# Excel has a killer deal on '07 585s!



## mwestray (Jan 4, 2008)

$1,789!! Unfortunately they don't have any smalls or mediums, otherwise I'd be very tempted to induce a little economic stimulus into the bike industry. Check it out:

http://www.excelsports.com/new.asp?...Frameset 2007&vendorCode=LOOK&major=1&minor=1


----------



## il sogno (Jul 15, 2002)

Wow, they have an XS. My size. Too bad I already got mine.


----------



## onrhodes (Feb 19, 2004)

If there is 100 people on this board who wish to give me $17.89 each, I will gladly post a monthly review of the bike so that others can know how it rides and what sort of experiences I have had with it.
Consider me your test pilot. 

Come on, just $17.89, you've spent more on a bad meal or stupid movie.......

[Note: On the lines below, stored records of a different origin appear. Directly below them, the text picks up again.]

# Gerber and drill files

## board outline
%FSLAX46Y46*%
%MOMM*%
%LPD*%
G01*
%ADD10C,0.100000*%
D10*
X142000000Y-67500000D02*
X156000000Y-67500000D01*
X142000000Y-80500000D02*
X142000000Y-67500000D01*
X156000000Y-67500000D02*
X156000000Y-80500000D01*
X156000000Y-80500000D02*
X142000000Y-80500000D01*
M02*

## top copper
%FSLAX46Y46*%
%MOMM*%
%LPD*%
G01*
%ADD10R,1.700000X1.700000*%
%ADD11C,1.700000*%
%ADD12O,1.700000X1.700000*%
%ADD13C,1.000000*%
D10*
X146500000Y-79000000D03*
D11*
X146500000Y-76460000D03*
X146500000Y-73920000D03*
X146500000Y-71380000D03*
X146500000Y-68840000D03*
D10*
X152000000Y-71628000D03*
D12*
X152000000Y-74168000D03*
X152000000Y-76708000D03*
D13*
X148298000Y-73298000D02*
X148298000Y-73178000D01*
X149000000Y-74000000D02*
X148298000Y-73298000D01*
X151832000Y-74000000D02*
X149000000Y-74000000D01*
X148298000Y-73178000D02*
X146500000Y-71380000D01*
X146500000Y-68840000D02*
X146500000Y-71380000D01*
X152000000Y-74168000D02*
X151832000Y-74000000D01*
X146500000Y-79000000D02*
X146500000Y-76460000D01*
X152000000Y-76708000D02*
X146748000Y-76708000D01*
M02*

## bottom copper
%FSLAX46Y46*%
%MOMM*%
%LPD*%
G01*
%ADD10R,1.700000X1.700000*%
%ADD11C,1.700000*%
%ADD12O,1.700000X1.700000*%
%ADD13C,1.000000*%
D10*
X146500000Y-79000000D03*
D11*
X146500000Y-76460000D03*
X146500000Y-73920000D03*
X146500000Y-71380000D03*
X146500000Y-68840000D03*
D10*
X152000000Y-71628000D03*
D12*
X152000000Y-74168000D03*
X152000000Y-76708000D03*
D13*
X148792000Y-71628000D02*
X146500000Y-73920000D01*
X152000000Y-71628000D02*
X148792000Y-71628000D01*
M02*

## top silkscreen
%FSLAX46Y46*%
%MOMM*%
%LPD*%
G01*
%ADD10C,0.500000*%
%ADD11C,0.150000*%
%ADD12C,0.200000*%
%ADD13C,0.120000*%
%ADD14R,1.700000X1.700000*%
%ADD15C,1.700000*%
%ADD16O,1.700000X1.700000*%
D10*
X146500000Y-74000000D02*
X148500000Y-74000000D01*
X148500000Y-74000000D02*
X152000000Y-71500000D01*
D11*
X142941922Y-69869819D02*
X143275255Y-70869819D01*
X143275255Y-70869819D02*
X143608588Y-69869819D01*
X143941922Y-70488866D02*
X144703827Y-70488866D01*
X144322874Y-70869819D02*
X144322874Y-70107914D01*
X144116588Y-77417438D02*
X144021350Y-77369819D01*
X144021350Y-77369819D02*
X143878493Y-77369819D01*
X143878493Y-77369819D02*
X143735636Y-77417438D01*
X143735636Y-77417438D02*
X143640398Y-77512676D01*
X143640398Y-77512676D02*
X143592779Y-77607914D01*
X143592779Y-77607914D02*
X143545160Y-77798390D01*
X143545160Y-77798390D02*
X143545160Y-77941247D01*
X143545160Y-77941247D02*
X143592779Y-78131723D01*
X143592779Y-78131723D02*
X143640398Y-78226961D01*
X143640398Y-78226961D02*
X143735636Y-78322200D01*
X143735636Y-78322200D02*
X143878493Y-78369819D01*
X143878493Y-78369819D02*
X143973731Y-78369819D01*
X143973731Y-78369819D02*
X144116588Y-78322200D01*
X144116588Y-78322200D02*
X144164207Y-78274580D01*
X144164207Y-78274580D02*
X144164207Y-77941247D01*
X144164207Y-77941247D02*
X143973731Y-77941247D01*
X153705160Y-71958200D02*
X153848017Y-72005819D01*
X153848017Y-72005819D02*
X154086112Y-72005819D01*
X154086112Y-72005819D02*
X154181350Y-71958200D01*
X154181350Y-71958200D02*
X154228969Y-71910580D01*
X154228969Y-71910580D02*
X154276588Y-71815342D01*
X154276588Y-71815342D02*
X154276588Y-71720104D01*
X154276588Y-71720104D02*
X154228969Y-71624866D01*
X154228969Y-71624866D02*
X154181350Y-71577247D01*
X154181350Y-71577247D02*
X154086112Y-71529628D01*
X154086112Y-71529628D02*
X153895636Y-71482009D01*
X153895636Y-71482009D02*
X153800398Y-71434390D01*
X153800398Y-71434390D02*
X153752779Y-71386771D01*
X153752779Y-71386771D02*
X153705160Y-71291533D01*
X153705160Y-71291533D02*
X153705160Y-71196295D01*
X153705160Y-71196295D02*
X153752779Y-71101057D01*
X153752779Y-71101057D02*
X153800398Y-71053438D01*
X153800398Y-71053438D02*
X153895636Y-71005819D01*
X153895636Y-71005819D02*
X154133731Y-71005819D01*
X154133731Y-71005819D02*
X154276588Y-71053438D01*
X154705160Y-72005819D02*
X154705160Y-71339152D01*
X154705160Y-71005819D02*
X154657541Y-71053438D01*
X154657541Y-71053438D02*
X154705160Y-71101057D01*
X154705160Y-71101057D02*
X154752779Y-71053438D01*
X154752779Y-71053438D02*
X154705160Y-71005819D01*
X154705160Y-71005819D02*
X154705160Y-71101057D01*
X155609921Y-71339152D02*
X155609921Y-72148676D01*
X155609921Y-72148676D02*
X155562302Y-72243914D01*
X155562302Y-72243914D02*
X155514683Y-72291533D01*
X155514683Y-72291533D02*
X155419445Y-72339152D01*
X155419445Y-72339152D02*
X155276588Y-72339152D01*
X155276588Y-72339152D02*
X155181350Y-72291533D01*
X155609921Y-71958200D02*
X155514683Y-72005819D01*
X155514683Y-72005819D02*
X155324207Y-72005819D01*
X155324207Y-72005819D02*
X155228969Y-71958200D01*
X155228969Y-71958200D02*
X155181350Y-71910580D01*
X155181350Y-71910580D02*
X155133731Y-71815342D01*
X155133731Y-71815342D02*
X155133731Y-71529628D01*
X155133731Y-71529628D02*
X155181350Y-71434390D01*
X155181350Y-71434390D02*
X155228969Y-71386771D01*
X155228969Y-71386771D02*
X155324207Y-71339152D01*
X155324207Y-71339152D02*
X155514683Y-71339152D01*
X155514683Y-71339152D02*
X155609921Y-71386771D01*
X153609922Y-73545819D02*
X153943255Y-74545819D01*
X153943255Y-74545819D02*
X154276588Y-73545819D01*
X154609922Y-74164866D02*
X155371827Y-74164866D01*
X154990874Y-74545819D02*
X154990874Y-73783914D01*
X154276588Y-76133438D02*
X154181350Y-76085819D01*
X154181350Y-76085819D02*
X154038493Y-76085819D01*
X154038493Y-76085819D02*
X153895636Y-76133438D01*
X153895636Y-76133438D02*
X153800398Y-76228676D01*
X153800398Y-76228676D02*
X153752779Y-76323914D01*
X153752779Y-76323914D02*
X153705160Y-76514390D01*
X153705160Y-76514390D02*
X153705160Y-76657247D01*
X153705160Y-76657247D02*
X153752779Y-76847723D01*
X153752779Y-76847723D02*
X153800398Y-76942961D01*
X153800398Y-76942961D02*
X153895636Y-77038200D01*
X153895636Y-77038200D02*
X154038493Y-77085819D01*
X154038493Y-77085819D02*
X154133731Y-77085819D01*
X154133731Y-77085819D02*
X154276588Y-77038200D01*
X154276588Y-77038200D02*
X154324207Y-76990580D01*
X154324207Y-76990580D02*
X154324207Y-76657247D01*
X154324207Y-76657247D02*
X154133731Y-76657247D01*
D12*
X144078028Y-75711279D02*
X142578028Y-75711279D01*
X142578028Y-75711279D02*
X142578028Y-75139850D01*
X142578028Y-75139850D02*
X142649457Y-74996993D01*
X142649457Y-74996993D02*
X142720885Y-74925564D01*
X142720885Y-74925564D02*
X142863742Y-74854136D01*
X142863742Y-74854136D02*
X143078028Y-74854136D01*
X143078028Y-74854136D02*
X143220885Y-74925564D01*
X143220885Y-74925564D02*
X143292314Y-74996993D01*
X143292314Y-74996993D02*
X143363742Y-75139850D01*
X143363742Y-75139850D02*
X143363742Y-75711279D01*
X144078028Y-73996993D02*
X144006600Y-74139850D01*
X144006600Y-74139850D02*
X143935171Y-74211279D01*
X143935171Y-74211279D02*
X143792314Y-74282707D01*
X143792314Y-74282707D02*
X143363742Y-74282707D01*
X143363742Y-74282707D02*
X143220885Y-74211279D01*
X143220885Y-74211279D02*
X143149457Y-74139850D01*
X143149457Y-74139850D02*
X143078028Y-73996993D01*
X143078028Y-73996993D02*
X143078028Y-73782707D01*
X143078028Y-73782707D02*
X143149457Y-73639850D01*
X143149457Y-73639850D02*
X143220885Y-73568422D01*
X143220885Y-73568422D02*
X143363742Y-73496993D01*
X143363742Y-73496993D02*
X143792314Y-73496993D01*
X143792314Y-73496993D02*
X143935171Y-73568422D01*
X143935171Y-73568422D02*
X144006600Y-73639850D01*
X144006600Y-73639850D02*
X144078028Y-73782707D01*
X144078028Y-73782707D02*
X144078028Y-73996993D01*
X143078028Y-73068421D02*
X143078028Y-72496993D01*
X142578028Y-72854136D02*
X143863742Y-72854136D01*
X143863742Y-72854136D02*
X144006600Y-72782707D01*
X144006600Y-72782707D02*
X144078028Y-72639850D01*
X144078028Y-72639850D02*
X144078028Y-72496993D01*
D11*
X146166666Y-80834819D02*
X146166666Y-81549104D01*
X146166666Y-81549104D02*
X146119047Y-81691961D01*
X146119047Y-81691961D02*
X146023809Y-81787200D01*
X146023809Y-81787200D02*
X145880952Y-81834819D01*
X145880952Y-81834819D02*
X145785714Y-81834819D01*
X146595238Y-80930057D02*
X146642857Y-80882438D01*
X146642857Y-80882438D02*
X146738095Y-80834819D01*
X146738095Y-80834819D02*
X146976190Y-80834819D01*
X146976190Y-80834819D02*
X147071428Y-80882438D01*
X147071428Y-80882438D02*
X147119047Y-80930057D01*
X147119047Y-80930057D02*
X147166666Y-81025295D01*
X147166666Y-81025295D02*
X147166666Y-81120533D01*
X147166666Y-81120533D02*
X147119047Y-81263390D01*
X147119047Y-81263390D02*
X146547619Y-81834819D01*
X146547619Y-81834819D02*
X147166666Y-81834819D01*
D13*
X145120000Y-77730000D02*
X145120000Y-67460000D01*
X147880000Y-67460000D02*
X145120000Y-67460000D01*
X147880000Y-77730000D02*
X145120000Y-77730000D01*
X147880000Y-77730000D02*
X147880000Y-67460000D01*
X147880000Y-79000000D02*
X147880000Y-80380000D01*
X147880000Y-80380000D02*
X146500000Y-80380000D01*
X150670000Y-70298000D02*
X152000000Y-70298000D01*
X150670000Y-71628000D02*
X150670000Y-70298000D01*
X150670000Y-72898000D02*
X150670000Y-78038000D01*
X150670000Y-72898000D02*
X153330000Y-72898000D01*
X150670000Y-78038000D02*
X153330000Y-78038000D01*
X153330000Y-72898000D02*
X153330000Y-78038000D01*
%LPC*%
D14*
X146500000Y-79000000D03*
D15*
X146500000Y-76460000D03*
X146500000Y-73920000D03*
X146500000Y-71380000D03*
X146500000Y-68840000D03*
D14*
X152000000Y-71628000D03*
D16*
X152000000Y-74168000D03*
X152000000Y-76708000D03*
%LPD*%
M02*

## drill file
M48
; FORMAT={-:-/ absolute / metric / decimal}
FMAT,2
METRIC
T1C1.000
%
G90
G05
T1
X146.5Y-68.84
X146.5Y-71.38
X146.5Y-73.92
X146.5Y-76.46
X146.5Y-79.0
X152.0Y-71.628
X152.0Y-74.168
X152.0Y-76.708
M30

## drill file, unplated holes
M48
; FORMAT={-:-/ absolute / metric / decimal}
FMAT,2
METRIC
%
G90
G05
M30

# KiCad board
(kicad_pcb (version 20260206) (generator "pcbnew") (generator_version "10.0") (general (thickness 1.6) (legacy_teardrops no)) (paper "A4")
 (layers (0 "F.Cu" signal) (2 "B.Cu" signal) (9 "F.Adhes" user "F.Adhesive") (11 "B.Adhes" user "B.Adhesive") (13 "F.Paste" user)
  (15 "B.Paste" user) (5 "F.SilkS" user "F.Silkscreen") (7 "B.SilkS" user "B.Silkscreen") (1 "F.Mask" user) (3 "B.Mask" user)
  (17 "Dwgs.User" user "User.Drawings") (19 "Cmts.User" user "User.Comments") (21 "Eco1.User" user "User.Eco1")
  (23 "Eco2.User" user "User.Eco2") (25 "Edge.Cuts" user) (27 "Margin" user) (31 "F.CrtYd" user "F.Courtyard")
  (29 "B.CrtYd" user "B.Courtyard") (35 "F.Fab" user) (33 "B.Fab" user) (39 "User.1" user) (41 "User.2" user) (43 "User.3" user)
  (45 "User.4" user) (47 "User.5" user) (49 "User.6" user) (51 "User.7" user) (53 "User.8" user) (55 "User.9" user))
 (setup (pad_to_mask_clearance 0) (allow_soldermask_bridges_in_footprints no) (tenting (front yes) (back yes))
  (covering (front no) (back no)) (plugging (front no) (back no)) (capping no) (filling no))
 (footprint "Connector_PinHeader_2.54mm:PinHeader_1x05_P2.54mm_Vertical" (layer "F.Cu") (at 146.5 79 180)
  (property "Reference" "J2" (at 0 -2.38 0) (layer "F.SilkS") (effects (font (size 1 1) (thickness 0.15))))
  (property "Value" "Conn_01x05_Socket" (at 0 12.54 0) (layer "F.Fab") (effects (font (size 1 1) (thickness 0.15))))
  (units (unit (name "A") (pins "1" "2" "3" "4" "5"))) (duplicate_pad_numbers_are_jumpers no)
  (fp_line (start 1.38 1.27) (end 1.38 11.54) (stroke (width 0.12) (type solid)) (layer "F.SilkS"))
  (fp_line (start -1.38 11.54) (end 1.38 11.54) (stroke (width 0.12) (type solid)) (layer "F.SilkS"))
  (fp_line (start -1.38 1.27) (end 1.38 1.27) (stroke (width 0.12) (type solid)) (layer "F.SilkS"))
  (fp_line (start -1.38 1.27) (end -1.38 11.54) (stroke (width 0.12) (type solid)) (layer "F.SilkS"))
  (fp_line (start -1.38 0) (end -1.38 -1.38) (stroke (width 0.12) (type solid)) (layer "F.SilkS"))
  (fp_line (start -1.38 -1.38) (end 0 -1.38) (stroke (width 0.12) (type solid)) (layer "F.SilkS"))
  (pad "1" thru_hole rect (at 0 0 180) (size 1.7 1.7) (drill 1) (layers "*.Cu" "*.Mask") (remove_unused_layers no) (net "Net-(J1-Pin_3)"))
  (pad "2" thru_hole circle (at 0 2.54 180) (size 1.7 1.7) (drill 1) (layers "*.Cu" "*.Mask") (remove_unused_layers no)
   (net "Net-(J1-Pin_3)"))
  (pad "3" thru_hole circle (at 0 5.08 180) (size 1.7 1.7) (drill 1) (layers "*.Cu" "*.Mask") (remove_unused_layers no)
   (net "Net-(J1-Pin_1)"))
  (pad "4" thru_hole circle (at 0 7.62 180) (size 1.7 1.7) (drill 1) (layers "*.Cu" "*.Mask") (remove_unused_layers no)
   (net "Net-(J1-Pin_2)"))
  (pad "5" thru_hole circle (at 0 10.16 180) (size 1.7 1.7) (drill 1) (layers "*.Cu" "*.Mask") (remove_unused_layers no)
   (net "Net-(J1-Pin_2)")))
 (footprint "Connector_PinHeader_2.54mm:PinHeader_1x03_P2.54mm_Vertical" (layer "F.Cu") (at 152 71.628)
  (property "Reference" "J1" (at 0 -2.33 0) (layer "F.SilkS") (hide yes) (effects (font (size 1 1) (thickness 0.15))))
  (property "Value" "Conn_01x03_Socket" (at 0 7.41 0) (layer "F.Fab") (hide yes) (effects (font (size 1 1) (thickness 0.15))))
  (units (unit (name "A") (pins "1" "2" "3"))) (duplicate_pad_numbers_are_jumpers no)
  (fp_line (start -1.33 -1.33) (end 0 -1.33) (stroke (width 0.12) (type solid)) (layer "F.SilkS"))
  (fp_line (start -1.33 0) (end -1.33 -1.33) (stroke (width 0.12) (type solid)) (layer "F.SilkS"))
  (fp_line (start -1.33 1.27) (end -1.33 6.41) (stroke (width 0.12) (type solid)) (layer "F.SilkS"))
  (fp_line (start -1.33 1.27) (end 1.33 1.27) (stroke (width 0.12) (type solid)) (layer "F.SilkS"))
  (fp_line (start -1.33 6.41) (end 1.33 6.41) (stroke (width 0.12) (type solid)) (layer "F.SilkS"))
  (fp_line (start 1.33 1.27) (end 1.33 6.41) (stroke (width 0.12) (type solid)) (layer "F.SilkS"))
  (pad "1" thru_hole rect (at 0 0) (size 1.7 1.7) (drill 1) (layers "*.Cu" "*.Mask") (remove_unused_layers no) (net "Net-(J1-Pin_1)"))
  (pad "2" thru_hole oval (at 0 2.54) (size 1.7 1.7) (drill 1) (layers "*.Cu" "*.Mask") (remove_unused_layers no) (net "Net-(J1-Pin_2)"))
  (pad "3" thru_hole oval (at 0 5.08) (size 1.7 1.7) (drill 1) (layers "*.Cu" "*.Mask") (remove_unused_layers no) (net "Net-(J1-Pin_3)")))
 (gr_line (start 146.5 74) (end 148.5 74) (stroke (width 0.5) (type solid)) (layer "F.SilkS"))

PM me if you are interested!


----------



## Bocephus Jones II (Oct 7, 2004)

mwestray said:


> $1,789!! Unfortunately they don't have any smalls or mediums, otherwise I'd be very tempted to induce a little economic stimulus into the bike industry. Check it out:
> 
> http://www.excelsports.com/new.asp?page=8&description=585%20Frameset%202007&vendorCode=LOOK&major=1&minor=1


When $1800 for a frame is a "killer deal" I know the expenses of this sport are getting out of hand. How do you afford your rock and roll lifestyle?


----------



## il sogno (Jul 15, 2002)

Bocephus Jones II said:


> When $1800 for a frame is a "killer deal" I know the expenses of this sport are getting out of hand. How do you afford your rock and roll lifestyle?


You want one, don't ya?


----------